How to complete this task: Every line between the top of the data below and the line with "X50000000Y-124600000D01*", both ends included, must be retyped exactly.

Information given Block Start

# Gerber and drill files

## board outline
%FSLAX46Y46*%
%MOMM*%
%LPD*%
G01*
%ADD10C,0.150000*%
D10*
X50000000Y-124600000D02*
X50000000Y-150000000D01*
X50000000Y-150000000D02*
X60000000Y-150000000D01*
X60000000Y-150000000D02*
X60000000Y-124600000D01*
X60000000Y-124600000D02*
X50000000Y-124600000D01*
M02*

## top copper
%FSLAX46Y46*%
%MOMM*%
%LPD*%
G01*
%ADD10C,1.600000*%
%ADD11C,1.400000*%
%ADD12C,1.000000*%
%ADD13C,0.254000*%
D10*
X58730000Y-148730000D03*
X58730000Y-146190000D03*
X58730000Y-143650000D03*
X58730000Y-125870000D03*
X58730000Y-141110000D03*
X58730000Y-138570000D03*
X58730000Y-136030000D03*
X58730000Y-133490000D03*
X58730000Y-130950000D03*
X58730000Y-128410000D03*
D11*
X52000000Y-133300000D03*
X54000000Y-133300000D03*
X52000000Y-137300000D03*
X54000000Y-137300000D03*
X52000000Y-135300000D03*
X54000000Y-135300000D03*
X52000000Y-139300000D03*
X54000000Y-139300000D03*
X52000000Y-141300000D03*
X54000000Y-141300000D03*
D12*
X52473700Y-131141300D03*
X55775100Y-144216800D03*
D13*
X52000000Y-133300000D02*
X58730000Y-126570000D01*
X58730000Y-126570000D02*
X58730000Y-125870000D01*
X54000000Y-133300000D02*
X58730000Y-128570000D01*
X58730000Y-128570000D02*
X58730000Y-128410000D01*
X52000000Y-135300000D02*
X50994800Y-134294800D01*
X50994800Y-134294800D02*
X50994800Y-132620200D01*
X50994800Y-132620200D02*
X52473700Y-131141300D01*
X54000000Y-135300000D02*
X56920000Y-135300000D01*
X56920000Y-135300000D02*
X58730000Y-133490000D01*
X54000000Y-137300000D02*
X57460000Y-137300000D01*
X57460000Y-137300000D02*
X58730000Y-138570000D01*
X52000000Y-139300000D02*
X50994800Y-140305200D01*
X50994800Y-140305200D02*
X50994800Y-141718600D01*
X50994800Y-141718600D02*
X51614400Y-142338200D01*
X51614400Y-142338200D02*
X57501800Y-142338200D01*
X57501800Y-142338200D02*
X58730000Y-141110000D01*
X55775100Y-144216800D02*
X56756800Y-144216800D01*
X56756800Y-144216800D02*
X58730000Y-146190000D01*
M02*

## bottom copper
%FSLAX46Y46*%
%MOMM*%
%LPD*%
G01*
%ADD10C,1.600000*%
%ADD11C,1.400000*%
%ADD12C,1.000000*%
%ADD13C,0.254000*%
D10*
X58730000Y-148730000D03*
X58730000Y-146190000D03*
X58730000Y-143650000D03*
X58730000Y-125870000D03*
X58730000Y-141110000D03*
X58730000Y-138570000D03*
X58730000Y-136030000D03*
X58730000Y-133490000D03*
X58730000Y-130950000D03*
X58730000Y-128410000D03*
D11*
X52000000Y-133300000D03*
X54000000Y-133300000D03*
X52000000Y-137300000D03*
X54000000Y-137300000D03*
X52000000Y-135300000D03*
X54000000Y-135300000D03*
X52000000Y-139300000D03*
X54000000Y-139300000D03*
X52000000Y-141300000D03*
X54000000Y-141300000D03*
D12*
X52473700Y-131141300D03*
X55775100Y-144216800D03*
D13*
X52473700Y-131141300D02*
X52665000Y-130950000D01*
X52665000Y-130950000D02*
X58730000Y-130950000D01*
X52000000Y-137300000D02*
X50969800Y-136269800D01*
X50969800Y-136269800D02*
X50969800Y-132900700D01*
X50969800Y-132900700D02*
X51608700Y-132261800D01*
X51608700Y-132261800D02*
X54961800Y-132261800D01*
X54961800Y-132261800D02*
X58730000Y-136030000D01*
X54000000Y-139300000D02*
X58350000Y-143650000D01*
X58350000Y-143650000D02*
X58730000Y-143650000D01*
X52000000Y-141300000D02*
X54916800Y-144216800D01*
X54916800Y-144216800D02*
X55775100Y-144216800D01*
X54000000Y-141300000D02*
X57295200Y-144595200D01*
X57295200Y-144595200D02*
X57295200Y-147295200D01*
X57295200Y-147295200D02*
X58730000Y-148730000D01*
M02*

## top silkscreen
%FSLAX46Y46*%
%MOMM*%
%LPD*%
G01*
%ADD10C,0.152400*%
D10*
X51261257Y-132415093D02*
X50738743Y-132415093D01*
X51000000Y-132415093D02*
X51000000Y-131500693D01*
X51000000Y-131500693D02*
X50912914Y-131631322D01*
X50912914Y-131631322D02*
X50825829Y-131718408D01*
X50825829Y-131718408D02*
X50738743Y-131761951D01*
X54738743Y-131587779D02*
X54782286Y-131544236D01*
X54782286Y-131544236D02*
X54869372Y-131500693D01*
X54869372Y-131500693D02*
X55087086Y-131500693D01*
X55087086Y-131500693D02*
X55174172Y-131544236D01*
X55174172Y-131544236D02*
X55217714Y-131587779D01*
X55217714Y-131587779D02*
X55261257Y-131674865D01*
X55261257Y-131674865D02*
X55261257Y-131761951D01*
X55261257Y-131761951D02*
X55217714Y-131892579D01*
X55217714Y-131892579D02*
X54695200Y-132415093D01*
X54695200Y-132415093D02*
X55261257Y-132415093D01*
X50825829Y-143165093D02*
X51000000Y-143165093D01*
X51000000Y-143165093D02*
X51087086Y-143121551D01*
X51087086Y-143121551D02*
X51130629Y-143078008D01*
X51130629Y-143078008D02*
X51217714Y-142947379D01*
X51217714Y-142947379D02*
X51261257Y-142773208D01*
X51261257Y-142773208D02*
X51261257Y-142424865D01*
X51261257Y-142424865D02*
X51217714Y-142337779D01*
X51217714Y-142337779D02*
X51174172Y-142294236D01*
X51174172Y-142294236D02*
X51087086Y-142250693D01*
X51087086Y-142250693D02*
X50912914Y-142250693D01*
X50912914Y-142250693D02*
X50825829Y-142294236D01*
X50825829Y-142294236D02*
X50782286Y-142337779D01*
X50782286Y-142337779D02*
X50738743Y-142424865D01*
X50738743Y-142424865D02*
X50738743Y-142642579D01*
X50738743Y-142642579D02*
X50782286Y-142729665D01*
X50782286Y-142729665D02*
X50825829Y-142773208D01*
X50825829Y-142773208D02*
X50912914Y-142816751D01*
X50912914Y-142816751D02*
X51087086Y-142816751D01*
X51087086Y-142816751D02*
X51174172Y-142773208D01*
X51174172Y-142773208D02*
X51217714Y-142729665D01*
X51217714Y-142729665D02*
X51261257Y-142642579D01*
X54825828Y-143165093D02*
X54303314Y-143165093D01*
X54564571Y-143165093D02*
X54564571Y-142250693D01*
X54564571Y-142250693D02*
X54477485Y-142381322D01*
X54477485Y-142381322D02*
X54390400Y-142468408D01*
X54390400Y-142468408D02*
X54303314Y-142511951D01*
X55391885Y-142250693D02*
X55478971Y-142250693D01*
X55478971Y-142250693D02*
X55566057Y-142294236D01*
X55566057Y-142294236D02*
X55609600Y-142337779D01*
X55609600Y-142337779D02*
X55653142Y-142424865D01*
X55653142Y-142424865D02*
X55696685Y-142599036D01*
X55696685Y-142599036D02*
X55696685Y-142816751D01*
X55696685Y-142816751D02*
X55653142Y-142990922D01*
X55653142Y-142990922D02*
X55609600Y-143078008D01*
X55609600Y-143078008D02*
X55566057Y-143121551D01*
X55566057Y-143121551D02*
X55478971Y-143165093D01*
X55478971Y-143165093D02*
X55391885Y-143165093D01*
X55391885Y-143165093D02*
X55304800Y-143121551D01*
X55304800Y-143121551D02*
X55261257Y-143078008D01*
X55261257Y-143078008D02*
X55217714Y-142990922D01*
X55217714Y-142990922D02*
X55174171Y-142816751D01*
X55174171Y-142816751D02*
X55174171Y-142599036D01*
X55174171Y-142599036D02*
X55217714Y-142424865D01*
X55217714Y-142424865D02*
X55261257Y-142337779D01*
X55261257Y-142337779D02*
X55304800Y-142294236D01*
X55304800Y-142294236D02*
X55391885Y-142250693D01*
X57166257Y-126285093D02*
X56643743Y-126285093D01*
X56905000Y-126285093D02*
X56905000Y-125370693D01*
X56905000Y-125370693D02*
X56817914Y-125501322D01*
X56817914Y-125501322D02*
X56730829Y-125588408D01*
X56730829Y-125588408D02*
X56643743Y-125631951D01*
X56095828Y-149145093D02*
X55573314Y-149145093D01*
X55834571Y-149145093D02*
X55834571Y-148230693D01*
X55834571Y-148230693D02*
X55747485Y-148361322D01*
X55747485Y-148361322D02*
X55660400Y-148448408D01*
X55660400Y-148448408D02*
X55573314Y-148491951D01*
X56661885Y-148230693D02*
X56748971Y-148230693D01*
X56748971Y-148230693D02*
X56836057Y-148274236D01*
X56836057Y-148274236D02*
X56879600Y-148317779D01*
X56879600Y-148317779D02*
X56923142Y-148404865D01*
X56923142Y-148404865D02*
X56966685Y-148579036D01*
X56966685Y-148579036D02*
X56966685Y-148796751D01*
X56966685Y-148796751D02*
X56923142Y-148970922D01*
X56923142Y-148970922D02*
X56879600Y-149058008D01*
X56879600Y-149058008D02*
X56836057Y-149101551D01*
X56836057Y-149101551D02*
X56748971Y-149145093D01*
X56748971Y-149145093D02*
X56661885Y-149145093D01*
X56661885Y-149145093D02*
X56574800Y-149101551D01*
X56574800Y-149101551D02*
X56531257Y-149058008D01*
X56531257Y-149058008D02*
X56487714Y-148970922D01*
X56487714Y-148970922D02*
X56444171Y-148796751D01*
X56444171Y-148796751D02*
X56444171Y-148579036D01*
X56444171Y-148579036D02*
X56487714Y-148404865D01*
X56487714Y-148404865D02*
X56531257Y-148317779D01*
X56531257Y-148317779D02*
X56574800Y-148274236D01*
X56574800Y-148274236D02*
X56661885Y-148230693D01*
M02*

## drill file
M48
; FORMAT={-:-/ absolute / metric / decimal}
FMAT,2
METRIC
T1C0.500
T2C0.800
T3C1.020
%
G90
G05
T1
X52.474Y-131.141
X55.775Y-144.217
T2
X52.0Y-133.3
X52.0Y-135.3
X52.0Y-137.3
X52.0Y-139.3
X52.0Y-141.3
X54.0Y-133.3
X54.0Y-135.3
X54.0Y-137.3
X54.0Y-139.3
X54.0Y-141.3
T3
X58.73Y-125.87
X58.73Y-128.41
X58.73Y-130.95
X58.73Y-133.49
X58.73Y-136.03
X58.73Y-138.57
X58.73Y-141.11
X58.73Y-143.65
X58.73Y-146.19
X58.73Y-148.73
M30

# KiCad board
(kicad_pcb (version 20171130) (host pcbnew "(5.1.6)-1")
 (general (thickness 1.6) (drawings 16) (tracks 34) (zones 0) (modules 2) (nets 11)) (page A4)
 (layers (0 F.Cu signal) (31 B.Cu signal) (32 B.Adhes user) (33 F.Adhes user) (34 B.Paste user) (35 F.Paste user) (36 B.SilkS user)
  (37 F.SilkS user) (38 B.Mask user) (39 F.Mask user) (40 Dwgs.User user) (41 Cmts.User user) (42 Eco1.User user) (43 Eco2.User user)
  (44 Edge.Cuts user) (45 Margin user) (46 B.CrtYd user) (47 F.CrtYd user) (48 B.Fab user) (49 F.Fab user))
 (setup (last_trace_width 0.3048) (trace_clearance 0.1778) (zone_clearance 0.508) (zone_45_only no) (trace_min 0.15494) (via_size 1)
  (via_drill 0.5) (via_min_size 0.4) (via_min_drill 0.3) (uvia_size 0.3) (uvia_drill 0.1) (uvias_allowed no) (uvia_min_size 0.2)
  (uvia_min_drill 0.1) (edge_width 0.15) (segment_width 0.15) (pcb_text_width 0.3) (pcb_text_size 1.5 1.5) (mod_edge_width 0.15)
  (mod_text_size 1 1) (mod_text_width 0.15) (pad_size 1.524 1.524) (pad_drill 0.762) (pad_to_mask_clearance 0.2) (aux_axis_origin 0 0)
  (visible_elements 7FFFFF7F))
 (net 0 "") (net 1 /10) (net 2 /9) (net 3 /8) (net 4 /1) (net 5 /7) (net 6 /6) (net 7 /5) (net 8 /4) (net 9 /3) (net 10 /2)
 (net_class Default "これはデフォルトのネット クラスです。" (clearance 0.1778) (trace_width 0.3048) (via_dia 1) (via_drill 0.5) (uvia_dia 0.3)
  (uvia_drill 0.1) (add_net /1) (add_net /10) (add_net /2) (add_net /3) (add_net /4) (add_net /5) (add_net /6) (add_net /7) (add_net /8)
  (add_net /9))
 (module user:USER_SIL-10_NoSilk (layer F.Cu) (at 58.73 137.3 270)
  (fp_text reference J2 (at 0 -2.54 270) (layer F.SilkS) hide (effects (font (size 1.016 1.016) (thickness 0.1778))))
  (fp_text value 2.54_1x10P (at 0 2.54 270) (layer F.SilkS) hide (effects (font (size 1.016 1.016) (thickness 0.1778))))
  (pad 10 thru_hole circle (at 11.43 0 270) (size 1.6 1.6) (drill 1.02) (layers *.Cu *.Mask) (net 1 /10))
  (pad 9 thru_hole circle (at 8.89 0 270) (size 1.6 1.6) (drill 1.02) (layers *.Cu *.Mask) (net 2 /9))
  (pad 8 thru_hole circle (at 6.35 0 270) (size 1.6 1.6) (drill 1.02) (layers *.Cu *.Mask) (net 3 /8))
  (pad 1 thru_hole circle (at -11.43 0 270) (size 1.6 1.6) (drill 1.02) (layers *.Cu *.Mask) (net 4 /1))
  (pad 7 thru_hole circle (at 3.81 0 270) (size 1.6 1.6) (drill 1.02) (layers *.Cu *.Mask) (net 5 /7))
  (pad 6 thru_hole circle (at 1.27 0 270) (size 1.6 1.6) (drill 1.02) (layers *.Cu *.Mask) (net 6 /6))
  (pad 5 thru_hole circle (at -1.27 0 270) (size 1.6 1.6) (drill 1.02) (layers *.Cu *.Mask) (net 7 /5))
  (pad 4 thru_hole circle (at -3.81 0 270) (size 1.6 1.6) (drill 1.02) (layers *.Cu *.Mask) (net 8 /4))
  (pad 3 thru_hole circle (at -6.35 0 270) (size 1.6 1.6) (drill 1.02) (layers *.Cu *.Mask) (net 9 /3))
  (pad 2 thru_hole circle (at -8.89 0 270) (size 1.6 1.6) (drill 1.02) (layers *.Cu *.Mask) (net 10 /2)))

Information given Block End

Answer to this exercise:
# Gerber and drill files

## board outline
%FSLAX46Y46*%
%MOMM*%
%LPD*%
G01*
%ADD10C,0.150000*%
D10*
X50000000Y-124600000D02*
X50000000Y-150000000D01*
X50000000Y-150000000D02*
X60000000Y-150000000D01*
X60000000Y-150000000D02*
X60000000Y-124600000D01*
X60000000Y-124600000D02*
X50000000Y-124600000D01*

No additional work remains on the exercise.